TASK INSTRUCTIONS. After locating the line that contains "X-1166666Y-1954819D02*" in the records below, write out exactly that line and each line after it through the one that contains "X-499999Y-954819D02*", and nothing else.

ENTRIES SUPPLIED.
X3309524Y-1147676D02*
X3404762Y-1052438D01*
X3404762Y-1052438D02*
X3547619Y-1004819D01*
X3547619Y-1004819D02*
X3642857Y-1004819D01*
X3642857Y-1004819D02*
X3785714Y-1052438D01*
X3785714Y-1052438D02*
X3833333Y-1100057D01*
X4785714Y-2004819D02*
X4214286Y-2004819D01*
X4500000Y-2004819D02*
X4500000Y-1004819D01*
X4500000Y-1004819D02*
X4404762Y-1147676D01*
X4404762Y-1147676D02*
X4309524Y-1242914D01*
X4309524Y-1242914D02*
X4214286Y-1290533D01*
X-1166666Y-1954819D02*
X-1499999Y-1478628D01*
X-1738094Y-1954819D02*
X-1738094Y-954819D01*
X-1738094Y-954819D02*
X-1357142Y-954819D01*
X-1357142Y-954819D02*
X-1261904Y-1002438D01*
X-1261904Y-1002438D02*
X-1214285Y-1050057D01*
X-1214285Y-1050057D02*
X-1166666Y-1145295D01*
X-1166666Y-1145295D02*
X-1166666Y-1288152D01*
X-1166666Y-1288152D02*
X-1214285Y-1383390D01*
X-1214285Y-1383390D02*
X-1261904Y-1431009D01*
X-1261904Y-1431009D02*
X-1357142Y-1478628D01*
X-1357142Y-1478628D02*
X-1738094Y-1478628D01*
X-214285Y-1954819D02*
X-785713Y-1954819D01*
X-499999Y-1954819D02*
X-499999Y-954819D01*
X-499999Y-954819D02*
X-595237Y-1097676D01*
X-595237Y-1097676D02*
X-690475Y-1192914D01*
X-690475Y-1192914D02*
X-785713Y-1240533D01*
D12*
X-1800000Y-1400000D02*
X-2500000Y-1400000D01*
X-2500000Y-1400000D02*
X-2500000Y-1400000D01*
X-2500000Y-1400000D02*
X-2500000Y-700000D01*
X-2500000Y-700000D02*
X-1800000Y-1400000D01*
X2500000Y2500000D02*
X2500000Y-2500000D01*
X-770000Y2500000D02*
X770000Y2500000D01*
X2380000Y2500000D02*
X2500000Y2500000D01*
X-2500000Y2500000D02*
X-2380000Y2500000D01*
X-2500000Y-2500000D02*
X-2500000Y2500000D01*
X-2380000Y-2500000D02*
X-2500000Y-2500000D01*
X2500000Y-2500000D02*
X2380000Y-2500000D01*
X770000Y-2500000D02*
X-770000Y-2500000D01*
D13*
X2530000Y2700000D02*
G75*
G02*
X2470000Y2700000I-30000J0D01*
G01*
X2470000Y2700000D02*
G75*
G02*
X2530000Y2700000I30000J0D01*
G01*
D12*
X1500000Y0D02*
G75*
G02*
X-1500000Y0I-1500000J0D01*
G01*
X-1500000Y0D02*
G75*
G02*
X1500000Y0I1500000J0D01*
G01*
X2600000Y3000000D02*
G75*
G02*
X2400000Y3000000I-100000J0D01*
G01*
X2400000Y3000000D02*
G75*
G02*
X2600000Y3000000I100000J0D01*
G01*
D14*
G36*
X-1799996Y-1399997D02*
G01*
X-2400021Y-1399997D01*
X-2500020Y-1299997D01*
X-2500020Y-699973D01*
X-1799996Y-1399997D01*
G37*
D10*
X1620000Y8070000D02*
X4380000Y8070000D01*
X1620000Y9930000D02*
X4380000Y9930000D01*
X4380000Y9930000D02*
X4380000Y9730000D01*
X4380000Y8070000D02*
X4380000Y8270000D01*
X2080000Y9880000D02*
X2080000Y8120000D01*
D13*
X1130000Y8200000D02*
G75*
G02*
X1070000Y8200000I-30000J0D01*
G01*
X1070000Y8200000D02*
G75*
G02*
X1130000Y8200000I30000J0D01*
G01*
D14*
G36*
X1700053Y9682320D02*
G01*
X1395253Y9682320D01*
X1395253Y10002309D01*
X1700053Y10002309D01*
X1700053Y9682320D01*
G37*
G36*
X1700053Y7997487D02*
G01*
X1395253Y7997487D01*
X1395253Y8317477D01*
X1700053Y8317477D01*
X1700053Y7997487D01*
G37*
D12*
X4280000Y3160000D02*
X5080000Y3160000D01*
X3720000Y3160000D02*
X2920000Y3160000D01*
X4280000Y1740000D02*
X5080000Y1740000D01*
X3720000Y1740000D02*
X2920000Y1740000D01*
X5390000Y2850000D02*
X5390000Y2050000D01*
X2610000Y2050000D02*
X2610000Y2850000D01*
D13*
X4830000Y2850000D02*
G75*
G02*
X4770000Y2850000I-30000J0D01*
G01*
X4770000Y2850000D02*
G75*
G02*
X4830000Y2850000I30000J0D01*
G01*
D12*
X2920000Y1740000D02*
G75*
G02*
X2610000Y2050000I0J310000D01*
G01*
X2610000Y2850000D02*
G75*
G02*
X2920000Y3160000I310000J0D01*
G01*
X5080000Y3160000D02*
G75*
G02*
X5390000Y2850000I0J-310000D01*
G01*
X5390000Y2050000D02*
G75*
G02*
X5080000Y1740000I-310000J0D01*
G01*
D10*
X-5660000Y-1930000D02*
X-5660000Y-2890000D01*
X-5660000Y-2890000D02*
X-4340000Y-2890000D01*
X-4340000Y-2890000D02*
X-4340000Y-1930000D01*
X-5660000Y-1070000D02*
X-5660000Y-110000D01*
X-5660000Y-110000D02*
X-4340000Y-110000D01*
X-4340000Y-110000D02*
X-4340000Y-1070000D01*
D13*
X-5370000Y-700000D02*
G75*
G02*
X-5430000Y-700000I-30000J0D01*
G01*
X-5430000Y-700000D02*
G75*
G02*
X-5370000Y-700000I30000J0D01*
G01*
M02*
---
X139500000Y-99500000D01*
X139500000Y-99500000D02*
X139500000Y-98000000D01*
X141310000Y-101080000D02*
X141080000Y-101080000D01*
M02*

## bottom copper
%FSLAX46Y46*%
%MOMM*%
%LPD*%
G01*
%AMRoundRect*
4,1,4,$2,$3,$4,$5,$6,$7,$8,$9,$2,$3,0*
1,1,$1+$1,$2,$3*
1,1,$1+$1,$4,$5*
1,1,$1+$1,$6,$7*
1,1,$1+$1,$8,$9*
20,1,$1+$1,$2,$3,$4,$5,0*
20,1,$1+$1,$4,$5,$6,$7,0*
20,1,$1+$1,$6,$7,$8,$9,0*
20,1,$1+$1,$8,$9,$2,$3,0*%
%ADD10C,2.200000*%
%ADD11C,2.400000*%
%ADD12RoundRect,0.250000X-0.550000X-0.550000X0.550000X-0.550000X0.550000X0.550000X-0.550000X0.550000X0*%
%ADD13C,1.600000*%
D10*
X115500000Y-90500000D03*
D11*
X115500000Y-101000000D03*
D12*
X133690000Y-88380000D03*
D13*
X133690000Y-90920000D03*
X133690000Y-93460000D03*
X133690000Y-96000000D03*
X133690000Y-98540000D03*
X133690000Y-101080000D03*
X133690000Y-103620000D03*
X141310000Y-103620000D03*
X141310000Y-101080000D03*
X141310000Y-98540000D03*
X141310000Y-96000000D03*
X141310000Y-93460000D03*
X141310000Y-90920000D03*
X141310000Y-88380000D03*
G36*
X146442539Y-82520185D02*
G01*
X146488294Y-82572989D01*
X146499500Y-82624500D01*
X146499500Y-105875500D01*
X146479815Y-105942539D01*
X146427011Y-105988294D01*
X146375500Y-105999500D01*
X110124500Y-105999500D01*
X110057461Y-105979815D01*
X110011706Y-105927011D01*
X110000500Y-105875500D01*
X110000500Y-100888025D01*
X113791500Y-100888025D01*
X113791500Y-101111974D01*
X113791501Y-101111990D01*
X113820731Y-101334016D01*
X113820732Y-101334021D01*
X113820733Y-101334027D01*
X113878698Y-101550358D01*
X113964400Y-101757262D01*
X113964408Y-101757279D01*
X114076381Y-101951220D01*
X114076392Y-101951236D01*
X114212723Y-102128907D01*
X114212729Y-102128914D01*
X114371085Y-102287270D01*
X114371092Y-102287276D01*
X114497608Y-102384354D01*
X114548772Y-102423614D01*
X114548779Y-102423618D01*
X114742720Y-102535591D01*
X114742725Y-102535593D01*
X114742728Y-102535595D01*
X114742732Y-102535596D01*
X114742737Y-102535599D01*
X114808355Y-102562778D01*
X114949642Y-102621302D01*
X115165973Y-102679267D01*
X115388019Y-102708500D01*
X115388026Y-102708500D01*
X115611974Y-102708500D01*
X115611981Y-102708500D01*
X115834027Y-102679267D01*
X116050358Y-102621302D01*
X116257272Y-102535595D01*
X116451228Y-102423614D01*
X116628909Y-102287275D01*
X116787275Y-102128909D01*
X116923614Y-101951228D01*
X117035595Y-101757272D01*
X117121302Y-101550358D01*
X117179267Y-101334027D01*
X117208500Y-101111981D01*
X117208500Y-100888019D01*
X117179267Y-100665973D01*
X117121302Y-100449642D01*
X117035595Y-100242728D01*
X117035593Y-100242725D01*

EXERCISE ANSWER.
X-1166666Y-1954819D02*
X-1499999Y-1478628D01*
X-1738094Y-1954819D02*
X-1738094Y-954819D01*
X-1738094Y-954819D02*
X-1357142Y-954819D01*
X-1357142Y-954819D02*
X-1261904Y-1002438D01*
X-1261904Y-1002438D02*
X-1214285Y-1050057D01*
X-1214285Y-1050057D02*
X-1166666Y-1145295D01*
X-1166666Y-1145295D02*
X-1166666Y-1288152D01*
X-1166666Y-1288152D02*
X-1214285Y-1383390D01*
X-1214285Y-1383390D02*
X-1261904Y-1431009D01*
X-1261904Y-1431009D02*
X-1357142Y-1478628D01*
X-1357142Y-1478628D02*
X-1738094Y-1478628D01*
X-214285Y-1954819D02*
X-785713Y-1954819D01*
X-499999Y-1954819D02*
X-499999Y-954819D01*
X-499999Y-954819D02*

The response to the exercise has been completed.